With mere days remaining before the election, voters will get one last snapshot of the still-recovering economy
![President Obama speaks in Green Bay, Wis., on Nov. 1](https://cdn.mos.cms.futurecdn.net/XUjvrHjeBPzStr89St5GqT-415-80.jpg)
It appears as if President Obama has reaped some political benefits from his handling of Hurricane Sandy, with a Washington Post/ABC News poll showing that nearly 80 percent of voters approve of the president's response. The disaster featured Obama touring devastated areas of New Jersey with Republican Gov. Chris Christie, the type of bipartisan cooperation that most voters say they want to see out of their elected officials. And Obama is hoping he can keep that bipartisan glow alive on the campaign trail. "When disaster strikes, we see America at its best," he told supporters at a rally in Wisconsin. "All the petty differences that consume us in normal times, all seem to melt away. There are no Democrats or Republicans during a storm — just fellow Americans."

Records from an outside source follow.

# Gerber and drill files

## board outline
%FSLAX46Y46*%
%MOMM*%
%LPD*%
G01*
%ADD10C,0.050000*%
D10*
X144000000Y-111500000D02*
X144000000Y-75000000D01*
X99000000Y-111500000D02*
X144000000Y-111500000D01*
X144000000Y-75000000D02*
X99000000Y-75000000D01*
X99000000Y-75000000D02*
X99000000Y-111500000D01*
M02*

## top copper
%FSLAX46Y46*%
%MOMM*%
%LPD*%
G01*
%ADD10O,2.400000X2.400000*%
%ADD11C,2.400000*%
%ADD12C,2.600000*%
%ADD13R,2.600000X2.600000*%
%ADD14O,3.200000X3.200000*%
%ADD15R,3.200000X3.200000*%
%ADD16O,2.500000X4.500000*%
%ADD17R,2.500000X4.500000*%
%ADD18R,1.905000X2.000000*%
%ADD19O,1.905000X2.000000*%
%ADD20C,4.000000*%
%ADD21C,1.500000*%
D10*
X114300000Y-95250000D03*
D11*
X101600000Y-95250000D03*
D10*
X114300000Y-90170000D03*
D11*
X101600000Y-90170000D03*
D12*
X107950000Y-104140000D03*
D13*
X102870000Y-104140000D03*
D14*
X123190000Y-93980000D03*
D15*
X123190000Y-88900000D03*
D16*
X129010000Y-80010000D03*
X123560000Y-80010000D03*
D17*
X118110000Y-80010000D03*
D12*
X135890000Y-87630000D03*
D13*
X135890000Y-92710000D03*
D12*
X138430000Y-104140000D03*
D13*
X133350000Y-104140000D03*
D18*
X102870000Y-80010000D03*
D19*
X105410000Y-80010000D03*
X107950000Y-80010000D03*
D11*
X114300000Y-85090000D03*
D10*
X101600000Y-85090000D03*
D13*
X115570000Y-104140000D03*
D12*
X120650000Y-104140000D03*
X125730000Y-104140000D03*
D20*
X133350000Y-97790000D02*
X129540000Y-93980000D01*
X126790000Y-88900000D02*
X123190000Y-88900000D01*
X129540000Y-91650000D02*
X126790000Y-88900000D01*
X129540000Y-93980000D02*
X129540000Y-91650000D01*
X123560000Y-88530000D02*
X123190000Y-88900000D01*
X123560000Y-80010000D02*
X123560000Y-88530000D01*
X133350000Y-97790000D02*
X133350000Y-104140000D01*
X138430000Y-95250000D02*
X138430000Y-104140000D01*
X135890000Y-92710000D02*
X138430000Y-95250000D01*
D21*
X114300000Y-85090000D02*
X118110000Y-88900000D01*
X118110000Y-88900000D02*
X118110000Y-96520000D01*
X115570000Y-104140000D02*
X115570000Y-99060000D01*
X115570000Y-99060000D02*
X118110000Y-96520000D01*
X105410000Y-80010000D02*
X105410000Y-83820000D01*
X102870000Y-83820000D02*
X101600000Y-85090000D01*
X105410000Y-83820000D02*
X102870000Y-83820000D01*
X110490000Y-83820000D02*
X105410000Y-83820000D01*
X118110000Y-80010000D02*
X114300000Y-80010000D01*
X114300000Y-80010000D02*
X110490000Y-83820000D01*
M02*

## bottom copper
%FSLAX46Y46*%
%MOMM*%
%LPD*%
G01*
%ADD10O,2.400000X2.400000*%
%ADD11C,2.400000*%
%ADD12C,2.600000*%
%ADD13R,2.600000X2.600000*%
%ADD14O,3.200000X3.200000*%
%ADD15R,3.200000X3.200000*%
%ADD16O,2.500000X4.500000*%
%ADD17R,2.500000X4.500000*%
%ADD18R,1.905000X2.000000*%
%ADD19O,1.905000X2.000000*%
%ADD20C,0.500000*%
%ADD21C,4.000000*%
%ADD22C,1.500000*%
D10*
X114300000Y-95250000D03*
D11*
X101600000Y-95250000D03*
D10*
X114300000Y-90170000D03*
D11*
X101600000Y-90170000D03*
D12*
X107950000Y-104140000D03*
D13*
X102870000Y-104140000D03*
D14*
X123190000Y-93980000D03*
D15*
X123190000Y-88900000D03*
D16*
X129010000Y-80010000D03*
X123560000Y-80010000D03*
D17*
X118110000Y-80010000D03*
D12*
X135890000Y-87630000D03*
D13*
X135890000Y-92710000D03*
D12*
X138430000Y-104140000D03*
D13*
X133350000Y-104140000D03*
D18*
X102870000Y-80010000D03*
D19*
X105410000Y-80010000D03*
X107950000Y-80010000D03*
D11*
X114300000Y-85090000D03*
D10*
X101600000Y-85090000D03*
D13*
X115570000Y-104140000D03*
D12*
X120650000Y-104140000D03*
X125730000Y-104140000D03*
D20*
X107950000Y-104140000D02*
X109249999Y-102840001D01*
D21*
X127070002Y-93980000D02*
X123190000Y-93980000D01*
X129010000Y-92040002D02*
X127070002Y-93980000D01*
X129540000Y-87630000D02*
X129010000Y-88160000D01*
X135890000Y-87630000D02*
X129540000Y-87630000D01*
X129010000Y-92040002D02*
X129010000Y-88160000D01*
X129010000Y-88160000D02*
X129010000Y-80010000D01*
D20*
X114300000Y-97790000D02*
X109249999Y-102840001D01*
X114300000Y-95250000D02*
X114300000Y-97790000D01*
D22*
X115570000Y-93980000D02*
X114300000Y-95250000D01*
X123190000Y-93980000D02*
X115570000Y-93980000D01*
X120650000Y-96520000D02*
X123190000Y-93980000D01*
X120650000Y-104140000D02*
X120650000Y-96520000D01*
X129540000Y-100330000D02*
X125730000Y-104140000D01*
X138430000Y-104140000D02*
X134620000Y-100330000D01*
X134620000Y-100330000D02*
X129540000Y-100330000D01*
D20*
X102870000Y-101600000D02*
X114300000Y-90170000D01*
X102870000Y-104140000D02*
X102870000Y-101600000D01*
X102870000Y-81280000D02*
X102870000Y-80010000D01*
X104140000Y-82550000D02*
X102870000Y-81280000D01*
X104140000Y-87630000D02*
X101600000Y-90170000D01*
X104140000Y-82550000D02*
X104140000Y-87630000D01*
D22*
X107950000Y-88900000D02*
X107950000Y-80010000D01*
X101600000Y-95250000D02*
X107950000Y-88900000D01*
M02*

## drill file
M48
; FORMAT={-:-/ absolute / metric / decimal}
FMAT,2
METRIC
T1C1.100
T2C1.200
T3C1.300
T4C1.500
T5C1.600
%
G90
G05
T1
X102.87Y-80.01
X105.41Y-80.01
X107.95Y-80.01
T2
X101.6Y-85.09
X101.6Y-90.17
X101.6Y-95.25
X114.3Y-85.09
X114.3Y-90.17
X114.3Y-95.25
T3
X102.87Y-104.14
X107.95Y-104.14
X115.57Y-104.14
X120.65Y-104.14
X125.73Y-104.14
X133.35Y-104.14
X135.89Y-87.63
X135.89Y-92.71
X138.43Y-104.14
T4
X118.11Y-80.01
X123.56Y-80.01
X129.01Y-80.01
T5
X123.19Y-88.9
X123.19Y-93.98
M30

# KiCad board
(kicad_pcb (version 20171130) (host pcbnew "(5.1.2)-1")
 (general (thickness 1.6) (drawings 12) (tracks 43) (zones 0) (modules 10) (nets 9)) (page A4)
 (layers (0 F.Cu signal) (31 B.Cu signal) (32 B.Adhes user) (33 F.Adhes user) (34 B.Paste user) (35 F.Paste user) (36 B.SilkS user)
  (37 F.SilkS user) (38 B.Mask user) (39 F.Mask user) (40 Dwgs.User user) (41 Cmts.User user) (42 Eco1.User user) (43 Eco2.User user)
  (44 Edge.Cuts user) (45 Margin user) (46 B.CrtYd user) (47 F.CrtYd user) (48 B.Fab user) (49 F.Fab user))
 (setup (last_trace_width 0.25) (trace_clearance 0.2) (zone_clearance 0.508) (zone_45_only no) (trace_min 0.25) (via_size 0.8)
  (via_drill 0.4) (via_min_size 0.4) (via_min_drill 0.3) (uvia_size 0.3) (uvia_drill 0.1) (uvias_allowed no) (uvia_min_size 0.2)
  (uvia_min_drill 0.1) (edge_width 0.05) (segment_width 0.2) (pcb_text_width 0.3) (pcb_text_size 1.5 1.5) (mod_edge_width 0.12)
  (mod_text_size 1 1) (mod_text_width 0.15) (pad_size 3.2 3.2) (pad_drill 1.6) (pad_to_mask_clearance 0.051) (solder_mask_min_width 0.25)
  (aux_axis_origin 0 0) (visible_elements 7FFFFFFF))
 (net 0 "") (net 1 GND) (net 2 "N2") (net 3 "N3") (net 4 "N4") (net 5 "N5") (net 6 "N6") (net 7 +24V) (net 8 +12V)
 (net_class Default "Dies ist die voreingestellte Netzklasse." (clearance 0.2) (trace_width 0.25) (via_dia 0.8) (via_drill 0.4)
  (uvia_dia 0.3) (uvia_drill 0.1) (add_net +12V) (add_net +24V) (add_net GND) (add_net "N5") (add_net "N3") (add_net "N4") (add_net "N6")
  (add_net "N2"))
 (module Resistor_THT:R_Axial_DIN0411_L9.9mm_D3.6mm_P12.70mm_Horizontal (layer F.Cu) (at 101.6 95.25)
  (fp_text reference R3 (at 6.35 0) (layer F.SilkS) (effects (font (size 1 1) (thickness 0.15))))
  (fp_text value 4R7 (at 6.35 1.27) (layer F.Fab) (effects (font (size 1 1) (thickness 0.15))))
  (pad 2 thru_hole oval (at 12.7 0) (size 2.4 2.4) (drill 1.2) (layers *.Cu *.Mask) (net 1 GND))
  (pad 1 thru_hole circle (at 0 0) (size 2.4 2.4) (drill 1.2) (layers *.Cu *.Mask) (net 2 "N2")))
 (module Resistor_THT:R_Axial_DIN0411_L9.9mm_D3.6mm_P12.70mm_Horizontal (layer F.Cu) (at 101.6 90.17)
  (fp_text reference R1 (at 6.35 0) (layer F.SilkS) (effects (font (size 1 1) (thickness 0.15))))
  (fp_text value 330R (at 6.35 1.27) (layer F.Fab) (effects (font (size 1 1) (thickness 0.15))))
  (pad 2 thru_hole oval (at 12.7 0) (size 2.4 2.4) (drill 1.2) (layers *.Cu *.Mask) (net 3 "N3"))
  (pad 1 thru_hole circle (at 0 0) (size 2.4 2.4) (drill 1.2) (layers *.Cu *.Mask) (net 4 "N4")))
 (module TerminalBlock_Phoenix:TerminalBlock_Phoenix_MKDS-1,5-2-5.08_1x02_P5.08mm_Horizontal (layer F.Cu) (at 102.87 104.14)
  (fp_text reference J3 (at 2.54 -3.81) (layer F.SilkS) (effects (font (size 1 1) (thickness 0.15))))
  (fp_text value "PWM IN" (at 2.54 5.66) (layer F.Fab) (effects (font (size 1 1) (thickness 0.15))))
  (pad 2 thru_hole circle (at 5.08 0) (size 2.6 2.6) (drill 1.3) (layers *.Cu *.Mask) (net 1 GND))
  (pad 1 thru_hole rect (at 0 0) (size 2.6 2.6) (drill 1.3) (layers *.Cu *.Mask) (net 3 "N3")))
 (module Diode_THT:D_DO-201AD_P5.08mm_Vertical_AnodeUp (layer F.Cu) (at 123.19 88.9 270)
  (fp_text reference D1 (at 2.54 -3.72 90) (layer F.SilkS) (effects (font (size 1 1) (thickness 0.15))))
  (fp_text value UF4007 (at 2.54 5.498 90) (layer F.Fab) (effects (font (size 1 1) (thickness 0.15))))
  (pad 2 thru_hole oval (at 5.08 0 270) (size 3.2 3.2) (drill 1.6) (layers *.Cu *.Mask) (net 1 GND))
  (pad 1 thru_hole rect (at 0 0 270) (size 3.2 3.2) (drill 1.6) (layers *.Cu *.Mask) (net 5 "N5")))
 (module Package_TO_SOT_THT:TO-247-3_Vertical (layer F.Cu) (at 118.11 80.01)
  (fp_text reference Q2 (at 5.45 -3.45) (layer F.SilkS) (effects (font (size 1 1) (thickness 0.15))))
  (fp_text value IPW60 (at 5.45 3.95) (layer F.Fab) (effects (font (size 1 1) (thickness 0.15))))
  (pad 3 thru_hole oval (at 10.9 0) (size 2.5 4.5) (drill 1.5) (layers *.Cu *.Mask) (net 1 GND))
  (pad 2 thru_hole oval (at 5.45 0) (size 2.5 4.5) (drill 1.5) (layers *.Cu *.Mask) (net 5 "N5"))
  (pad 1 thru_hole rect (at 0 0) (size 2.5 4.5) (drill 1.5) (layers *.Cu *.Mask) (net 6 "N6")))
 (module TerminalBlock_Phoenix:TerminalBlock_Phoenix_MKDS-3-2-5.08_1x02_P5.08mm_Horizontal (layer F.Cu) (at 135.89 92.71 90)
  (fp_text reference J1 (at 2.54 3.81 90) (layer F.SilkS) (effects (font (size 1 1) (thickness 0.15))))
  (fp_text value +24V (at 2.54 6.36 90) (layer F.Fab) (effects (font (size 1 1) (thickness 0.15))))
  (pad 2 thru_hole circle (at 5.08 0 90) (size 2.6 2.6) (drill 1.3) (layers *.Cu *.Mask) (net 1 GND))
  (pad 1 thru_hole rect (at 0 0 90) (size 2.6 2.6) (drill 1.3) (layers *.Cu *.Mask) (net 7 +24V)))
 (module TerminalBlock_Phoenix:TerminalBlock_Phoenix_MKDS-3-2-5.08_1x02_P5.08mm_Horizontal (layer F.Cu) (at 133.35 104.14)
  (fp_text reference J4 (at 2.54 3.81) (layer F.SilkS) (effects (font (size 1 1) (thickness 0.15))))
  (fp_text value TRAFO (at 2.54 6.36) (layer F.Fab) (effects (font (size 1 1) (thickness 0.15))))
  (pad 2 thru_hole circle (at 5.08 0) (size 2.6 2.6) (drill 1.3) (layers *.Cu *.Mask) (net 7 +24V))
  (pad 1 thru_hole rect (at 0 0) (size 2.6 2.6) (drill 1.3) (layers *.Cu *.Mask) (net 5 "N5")))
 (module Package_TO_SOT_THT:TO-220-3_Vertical (layer F.Cu) (at 102.87 80.01)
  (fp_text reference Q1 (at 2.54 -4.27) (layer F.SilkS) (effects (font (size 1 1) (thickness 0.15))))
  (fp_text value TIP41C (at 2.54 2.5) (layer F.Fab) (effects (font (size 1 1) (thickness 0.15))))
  (pad 1 thru_hole rect (at 0 0) (size 1.905 2) (drill 1.1) (layers *.Cu *.Mask) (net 4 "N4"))
  (pad 2 thru_hole oval (at 2.54 0) (size 1.905 2) (drill 1.1) (layers *.Cu *.Mask) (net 6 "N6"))
  (pad 3 thru_hole oval (at 5.08 0) (size 1.905 2) (drill 1.1) (layers *.Cu *.Mask) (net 2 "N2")))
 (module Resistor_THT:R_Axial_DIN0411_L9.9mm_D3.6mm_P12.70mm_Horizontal (layer F.Cu) (at 114.3 85.09 180)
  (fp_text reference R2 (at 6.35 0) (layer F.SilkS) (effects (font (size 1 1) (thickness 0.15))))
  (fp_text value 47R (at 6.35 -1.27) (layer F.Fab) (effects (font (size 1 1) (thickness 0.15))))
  (pad 1 thru_hole circle (at 0 0 180) (size 2.4 2.4) (drill 1.2) (layers *.Cu *.Mask) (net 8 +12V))
  (pad 2 thru_hole oval (at 12.7 0 180) (size 2.4 2.4) (drill 1.2) (layers *.Cu *.Mask) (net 6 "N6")))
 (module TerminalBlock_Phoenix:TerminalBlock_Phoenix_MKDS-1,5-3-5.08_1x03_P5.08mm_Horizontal (layer F.Cu) (at 115.57 104.14)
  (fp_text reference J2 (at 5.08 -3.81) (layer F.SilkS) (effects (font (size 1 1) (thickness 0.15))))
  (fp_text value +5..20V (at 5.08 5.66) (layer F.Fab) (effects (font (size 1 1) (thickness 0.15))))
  (pad 1 thru_hole rect (at 0 0) (size 2.6 2.6) (drill 1.3) (layers *.Cu *.Mask) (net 8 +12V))
  (pad 2 thru_hole circle (at 5.08 0) (size 2.6 2.6) (drill 1.3) (layers *.Cu *.Mask) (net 1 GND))
  (pad 3 thru_hole circle (at 10.16 0) (size 2.6 2.6) (drill 1.3) (layers *.Cu *.Mask) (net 7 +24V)))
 (gr_line (start 144 111.5) (end 144 75) (layer Edge.Cuts) (width 0.05))
 (gr_line (start 99 111.5) (end 144 111.5) (layer Edge.Cuts) (width 0.05))
 (gr_line (start 144 75) (end 99 75) (layer Edge.Cuts) (width 0.05))
 (gr_line (start 99 75) (end 99 111.5) (layer Edge.Cuts) (width 0.05))
 (segment (start 133.35 97.79) (end 129.54 93.98) (width 4) (layer F.Cu) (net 5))
 (segment (start 126.79 88.9) (end 123.19 88.9) (width 4) (layer F.Cu) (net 5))
 (segment (start 129.54 91.65) (end 126.79 88.9) (width 4) (layer F.Cu) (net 5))
 (segment (start 129.54 93.98) (end 129.54 91.65) (width 4) (layer F.Cu) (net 5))
 (segment (start 123.56 88.53) (end 123.19 88.9) (width 4) (layer F.Cu) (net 5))
 (segment (start 123.56 80.01) (end 123.56 88.53) (width 4) (layer F.Cu) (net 5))
 (segment (start 133.35 97.79) (end 133.35 104.14) (width 4) (layer F.Cu) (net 5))
 (segment (start 107.95 104.14) (end 109.249999 102.840001) (width 0.5) (layer B.Cu) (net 1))
 (segment (start 127.070002 93.98) (end 123.19 93.98) (width 4) (layer B.Cu) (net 1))
 (segment (start 129.01 92.040002) (end 127.070002 93.98) (width 4) (layer B.Cu) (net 1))
 (segment (start 129.54 87.63) (end 129.01 88.16) (width 4) (layer B.Cu) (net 1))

However, Obama's post-Sandy high could evaporate by tomorrow morning, with the release of the monthly unemployment report. Indeed, the report could prove to be the deciding factor in the campaign, says Neil Irwin at The Washington Post:
There have been 45 monthly employment reports since Barack Obama was inaugurated president. Number 46 will be the biggest of them all...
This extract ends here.